The paradigm developed by Ganau has proven to be robust and conceptually appealing as evidenced by its wide use in hypertensive heart disease and applications to other adult and pediatric conditions, including obesity,15 metabolic abnormalities,16,17 storage disorders,18 valvular disease,19 renal insufficiency,20,21 respiratory disease,22 and infectious diseases.23 There has been investigation into the relationship between geometry and outcome24–26 and studies of the physiology of concentric remodeling, which has been shown to be associated with low-to-normal cardiac output and reduced midwall shortening, markers of subtly impaired systolic function.27 Similar considerations of geometry have provided insight into LV structure and function in heart failure.28

The major limitations of the Ganau paradigm have been the accuracy and reproducibility of echocardiographic measurements, the geometric assumptions on LV geometry needed to calculate volume from linear dimensions, and the lack of a specific category identifying patients with concurrent LV hypertrophy and dilated LV chamber. These limitations provide the rationale for the present study of Khouri et al,12 whose MRI-based volumetric analysis overcomes the limitation of the use of linear parameters to calculate volume.
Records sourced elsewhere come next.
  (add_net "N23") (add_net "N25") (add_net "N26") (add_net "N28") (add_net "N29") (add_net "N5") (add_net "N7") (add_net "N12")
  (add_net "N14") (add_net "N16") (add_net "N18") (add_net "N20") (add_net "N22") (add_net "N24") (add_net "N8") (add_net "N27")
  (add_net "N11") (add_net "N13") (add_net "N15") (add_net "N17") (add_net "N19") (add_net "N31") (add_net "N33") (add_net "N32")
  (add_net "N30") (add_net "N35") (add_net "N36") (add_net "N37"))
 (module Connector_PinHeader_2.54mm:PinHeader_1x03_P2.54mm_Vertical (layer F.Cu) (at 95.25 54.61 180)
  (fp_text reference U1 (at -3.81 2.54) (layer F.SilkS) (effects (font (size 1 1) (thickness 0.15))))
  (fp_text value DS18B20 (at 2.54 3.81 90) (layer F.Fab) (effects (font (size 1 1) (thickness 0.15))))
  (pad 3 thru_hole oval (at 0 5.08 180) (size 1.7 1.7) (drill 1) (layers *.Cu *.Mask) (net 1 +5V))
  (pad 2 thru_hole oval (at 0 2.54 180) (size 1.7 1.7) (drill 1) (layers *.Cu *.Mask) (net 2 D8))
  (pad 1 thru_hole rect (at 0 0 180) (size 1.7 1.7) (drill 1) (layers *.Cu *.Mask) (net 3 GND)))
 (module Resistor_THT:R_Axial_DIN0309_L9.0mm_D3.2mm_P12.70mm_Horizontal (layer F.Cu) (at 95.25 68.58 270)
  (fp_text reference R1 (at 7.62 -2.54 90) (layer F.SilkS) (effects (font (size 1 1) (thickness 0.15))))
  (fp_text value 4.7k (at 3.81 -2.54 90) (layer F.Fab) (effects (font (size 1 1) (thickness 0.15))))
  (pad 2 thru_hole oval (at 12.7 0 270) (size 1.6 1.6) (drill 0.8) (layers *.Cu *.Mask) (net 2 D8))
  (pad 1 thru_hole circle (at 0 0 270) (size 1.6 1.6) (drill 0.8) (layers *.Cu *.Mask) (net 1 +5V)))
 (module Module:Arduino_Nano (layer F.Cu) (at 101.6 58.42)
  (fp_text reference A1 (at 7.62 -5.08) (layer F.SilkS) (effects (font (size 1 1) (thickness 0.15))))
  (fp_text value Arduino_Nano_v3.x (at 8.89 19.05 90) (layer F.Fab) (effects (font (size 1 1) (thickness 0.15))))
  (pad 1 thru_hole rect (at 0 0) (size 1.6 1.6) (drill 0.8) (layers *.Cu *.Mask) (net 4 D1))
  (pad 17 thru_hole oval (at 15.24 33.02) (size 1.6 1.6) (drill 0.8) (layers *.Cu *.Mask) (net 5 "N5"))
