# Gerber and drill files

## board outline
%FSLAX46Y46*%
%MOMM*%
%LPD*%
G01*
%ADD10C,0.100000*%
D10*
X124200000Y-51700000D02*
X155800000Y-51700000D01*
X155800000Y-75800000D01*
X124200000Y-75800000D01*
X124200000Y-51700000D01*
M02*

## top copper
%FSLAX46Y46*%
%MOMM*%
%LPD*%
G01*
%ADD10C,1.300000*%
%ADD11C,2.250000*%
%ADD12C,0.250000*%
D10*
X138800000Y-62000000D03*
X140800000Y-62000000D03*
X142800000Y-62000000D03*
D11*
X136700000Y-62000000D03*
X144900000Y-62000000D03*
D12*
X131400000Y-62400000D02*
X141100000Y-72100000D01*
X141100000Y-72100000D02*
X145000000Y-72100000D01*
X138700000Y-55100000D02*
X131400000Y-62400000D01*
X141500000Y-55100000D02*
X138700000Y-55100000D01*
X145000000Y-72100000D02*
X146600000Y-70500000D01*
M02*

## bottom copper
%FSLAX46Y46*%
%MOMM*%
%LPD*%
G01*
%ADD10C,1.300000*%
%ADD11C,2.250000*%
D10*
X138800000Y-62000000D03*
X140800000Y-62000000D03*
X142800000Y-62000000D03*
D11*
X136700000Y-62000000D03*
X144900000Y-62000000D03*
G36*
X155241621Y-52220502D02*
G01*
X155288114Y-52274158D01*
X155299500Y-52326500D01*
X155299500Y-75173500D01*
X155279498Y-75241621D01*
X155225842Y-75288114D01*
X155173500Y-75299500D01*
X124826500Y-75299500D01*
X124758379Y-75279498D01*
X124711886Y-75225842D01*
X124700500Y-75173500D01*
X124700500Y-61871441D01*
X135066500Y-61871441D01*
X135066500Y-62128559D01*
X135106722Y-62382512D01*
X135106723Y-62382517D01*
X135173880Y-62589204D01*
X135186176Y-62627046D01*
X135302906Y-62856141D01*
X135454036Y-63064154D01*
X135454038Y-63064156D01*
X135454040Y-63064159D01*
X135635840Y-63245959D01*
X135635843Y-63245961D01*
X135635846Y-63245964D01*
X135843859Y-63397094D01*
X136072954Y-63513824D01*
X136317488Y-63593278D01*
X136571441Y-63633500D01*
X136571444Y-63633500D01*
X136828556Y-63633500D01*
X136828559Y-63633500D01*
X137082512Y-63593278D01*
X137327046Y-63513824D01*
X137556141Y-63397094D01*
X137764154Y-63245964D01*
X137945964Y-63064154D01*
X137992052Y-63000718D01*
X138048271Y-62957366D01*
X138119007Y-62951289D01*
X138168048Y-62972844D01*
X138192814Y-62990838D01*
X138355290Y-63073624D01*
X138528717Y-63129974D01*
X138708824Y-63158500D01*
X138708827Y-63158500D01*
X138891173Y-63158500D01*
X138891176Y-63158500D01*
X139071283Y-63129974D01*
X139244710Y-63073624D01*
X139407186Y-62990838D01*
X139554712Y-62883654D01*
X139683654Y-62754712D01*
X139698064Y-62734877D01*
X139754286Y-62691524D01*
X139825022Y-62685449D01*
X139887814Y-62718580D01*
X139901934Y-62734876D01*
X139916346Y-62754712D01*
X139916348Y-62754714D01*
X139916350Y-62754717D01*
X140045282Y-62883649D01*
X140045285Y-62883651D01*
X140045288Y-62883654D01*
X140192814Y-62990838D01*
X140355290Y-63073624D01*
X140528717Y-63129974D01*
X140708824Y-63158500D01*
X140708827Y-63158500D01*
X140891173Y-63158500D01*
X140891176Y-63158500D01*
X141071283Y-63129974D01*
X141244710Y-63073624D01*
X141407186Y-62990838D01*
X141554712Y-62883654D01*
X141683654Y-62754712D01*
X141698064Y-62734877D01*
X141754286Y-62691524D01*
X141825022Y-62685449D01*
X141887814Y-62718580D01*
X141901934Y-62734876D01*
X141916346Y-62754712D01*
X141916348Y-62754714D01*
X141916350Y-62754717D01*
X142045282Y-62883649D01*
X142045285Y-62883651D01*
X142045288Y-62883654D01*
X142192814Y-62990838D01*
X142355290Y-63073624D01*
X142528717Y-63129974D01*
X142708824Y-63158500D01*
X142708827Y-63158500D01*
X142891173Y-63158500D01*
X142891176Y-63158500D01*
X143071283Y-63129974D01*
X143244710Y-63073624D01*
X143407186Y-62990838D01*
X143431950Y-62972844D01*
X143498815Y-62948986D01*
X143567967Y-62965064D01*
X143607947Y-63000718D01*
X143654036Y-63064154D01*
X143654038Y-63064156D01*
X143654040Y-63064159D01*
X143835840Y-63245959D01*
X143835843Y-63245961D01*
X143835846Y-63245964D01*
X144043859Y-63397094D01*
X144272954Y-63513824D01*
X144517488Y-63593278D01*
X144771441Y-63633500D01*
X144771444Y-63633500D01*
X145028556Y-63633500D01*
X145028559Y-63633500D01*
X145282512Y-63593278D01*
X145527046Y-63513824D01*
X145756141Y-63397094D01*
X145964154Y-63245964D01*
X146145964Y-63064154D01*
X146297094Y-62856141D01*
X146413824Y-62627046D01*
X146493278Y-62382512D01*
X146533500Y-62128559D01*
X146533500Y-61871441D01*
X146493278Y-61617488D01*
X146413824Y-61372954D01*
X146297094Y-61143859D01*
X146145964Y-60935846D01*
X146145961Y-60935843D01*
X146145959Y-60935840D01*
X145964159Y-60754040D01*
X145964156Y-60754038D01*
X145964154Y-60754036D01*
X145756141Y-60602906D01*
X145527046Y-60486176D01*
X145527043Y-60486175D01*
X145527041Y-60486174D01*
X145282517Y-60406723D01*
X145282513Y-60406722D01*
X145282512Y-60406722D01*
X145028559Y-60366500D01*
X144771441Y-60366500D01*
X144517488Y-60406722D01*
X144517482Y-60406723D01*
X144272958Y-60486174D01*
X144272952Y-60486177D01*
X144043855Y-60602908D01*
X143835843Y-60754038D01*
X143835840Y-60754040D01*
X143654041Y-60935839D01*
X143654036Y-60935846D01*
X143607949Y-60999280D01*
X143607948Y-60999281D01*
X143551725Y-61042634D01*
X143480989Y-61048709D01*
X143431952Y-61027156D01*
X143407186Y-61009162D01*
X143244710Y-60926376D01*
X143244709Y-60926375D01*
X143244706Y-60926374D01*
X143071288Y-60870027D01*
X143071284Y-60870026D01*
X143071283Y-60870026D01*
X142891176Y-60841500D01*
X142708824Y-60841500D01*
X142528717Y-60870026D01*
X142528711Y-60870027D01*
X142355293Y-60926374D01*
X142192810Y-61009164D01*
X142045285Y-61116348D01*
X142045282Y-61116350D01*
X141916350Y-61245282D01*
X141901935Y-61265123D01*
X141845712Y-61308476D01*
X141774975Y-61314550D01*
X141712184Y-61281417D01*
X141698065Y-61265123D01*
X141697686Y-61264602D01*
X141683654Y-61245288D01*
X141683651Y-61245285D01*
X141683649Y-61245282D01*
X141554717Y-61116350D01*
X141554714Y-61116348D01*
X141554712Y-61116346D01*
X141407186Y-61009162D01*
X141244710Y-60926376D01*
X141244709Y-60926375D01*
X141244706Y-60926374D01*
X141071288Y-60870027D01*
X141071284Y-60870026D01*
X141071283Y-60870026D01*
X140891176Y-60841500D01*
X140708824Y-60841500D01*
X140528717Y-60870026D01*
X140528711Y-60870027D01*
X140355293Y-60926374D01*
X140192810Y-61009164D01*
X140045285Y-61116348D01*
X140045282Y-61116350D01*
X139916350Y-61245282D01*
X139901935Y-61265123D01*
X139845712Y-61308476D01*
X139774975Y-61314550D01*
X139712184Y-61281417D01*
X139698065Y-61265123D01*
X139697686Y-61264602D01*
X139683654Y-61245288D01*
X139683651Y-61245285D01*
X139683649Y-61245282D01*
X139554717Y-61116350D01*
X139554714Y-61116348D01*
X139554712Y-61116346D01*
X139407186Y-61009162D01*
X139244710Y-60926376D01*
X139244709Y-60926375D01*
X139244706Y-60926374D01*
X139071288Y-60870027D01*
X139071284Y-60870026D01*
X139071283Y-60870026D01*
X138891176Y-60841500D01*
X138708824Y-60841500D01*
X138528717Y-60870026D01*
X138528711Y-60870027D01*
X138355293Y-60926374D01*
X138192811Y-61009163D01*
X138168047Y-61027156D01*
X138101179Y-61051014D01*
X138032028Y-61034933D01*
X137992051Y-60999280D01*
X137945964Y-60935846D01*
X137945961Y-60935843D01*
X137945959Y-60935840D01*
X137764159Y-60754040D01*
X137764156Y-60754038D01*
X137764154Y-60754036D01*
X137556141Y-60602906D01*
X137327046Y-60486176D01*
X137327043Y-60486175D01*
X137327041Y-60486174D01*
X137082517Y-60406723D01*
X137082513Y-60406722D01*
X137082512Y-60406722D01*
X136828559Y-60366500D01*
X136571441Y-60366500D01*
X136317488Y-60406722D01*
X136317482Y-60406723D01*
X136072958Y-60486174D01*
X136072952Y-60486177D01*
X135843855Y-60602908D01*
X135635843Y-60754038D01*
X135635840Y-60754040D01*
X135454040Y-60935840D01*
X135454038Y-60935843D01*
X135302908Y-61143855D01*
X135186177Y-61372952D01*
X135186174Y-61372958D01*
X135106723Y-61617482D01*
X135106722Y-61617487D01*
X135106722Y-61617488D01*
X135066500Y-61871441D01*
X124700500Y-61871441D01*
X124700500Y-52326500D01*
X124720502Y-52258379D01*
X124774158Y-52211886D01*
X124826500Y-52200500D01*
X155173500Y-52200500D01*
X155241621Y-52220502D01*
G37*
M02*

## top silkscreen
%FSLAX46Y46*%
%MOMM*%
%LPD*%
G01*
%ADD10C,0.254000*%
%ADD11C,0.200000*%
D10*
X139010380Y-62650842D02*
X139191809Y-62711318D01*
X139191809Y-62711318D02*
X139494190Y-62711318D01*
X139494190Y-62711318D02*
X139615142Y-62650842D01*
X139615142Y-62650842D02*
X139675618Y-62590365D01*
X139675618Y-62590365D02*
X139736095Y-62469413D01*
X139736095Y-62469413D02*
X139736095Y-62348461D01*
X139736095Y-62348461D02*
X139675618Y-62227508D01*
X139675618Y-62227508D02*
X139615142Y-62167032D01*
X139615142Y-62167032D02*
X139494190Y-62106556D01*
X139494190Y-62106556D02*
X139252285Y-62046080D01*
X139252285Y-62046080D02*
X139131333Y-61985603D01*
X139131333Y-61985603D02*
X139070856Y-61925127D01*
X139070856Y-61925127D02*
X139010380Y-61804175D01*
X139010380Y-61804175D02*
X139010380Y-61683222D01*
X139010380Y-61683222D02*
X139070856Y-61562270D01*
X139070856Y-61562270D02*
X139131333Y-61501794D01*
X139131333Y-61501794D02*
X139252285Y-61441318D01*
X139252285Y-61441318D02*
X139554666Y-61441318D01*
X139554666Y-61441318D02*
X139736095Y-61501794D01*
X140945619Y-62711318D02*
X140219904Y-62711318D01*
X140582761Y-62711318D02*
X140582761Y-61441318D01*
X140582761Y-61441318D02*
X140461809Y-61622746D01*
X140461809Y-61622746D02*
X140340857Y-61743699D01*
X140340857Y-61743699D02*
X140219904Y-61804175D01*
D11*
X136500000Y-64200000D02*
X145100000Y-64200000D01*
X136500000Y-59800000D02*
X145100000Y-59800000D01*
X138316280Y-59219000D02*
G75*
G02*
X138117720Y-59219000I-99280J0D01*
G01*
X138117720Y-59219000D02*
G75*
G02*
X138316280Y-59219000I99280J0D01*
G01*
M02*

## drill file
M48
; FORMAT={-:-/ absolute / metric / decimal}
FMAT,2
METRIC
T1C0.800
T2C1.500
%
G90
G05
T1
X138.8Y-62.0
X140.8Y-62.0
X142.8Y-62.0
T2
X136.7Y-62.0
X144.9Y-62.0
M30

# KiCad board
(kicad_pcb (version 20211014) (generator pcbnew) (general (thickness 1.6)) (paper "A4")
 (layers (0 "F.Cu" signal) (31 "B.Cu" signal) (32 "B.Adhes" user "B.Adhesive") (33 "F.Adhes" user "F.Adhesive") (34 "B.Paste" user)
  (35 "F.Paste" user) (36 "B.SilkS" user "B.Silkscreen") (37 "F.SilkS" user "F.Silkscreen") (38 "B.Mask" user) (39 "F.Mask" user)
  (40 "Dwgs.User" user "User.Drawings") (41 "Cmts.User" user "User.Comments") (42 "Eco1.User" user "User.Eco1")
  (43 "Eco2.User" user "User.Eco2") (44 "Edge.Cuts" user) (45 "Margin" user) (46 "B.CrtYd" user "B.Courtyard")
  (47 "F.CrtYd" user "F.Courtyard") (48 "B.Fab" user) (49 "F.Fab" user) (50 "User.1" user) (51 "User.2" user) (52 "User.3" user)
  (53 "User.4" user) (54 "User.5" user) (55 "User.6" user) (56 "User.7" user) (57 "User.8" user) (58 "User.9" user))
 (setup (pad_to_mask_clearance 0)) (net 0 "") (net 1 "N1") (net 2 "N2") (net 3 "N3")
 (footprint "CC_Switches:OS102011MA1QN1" (layer "F.Cu") (at 140.8 62)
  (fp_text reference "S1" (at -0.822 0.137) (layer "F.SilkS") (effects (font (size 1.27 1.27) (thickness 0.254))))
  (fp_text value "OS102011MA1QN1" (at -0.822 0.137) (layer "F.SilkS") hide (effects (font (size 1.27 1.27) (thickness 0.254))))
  (fp_line (start -4.3 2.2) (end 4.3 2.2) (layer "F.SilkS") (width 0.2))
  (fp_line (start -4.3 -2.2) (end 4.3 -2.2) (layer "F.SilkS") (width 0.2))
  (fp_circle (center -2.583 -2.781) (end -2.583 -2.68172) (layer "F.SilkS") (width 0.2) (fill none))
  (pad "1" thru_hole circle (at -2 0) (size 1.3 1.3) (drill 0.8) (layers *.Cu *.Mask) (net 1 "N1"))
  (pad "2" thru_hole circle (at 0 0) (size 1.3 1.3) (drill 0.8) (layers *.Cu *.Mask) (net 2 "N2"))
  (pad "3" thru_hole circle (at 2 0) (size 1.3 1.3) (drill 0.8) (layers *.Cu *.Mask) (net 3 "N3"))
  (pad "4" thru_hole circle (at -4.1 0) (size 2.25 2.25) (drill 1.5) (layers *.Cu *.Mask))
  (pad "5" thru_hole circle (at 4.1 0) (size 2.25 2.25) (drill 1.5) (layers *.Cu *.Mask)))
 (gr_rect (start 155.8 51.7) (end 124.2 75.8) (layer "Edge.Cuts") (width 0.1) (fill none))
 (segment (start 131.4 62.4) (end 141.1 72.1) (width 0.25) (layer "F.Cu") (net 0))
 (segment (start 141.1 72.1) (end 145 72.1) (width 0.25) (layer "F.Cu") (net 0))
 (segment (start 138.7 55.1) (end 131.4 62.4) (width 0.25) (layer "F.Cu") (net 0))
 (segment (start 141.5 55.1) (end 138.7 55.1) (width 0.25) (layer "F.Cu") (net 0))
 (segment (start 145 72.1) (end 146.6 70.5) (width 0.25) (layer "F.Cu") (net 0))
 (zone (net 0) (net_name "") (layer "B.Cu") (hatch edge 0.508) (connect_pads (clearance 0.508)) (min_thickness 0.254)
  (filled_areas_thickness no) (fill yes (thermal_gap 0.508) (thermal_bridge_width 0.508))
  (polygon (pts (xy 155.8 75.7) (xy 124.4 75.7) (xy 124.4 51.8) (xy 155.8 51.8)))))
Their major findings are that (1) concentric or eccentric LVH can each be subclassified into 2 subgroups, yielding 4 distinct geometric patterns; (2) most of the subjects classified as having eccentric hypertrophy have a magnification of the normal heart (which the authors term “indeterminate” LVH), a condition associated with normal functional indices and seemingly low cardiovascular risk. The authors also confirm the strong association between obesity and concentric LVH, helping to dispel the notion that LVH in this condition is exclusively eccentric. Finally, the authors suggest classifying LVH based not on the RWT but rather on the independent changes occurring to the 2 parameters.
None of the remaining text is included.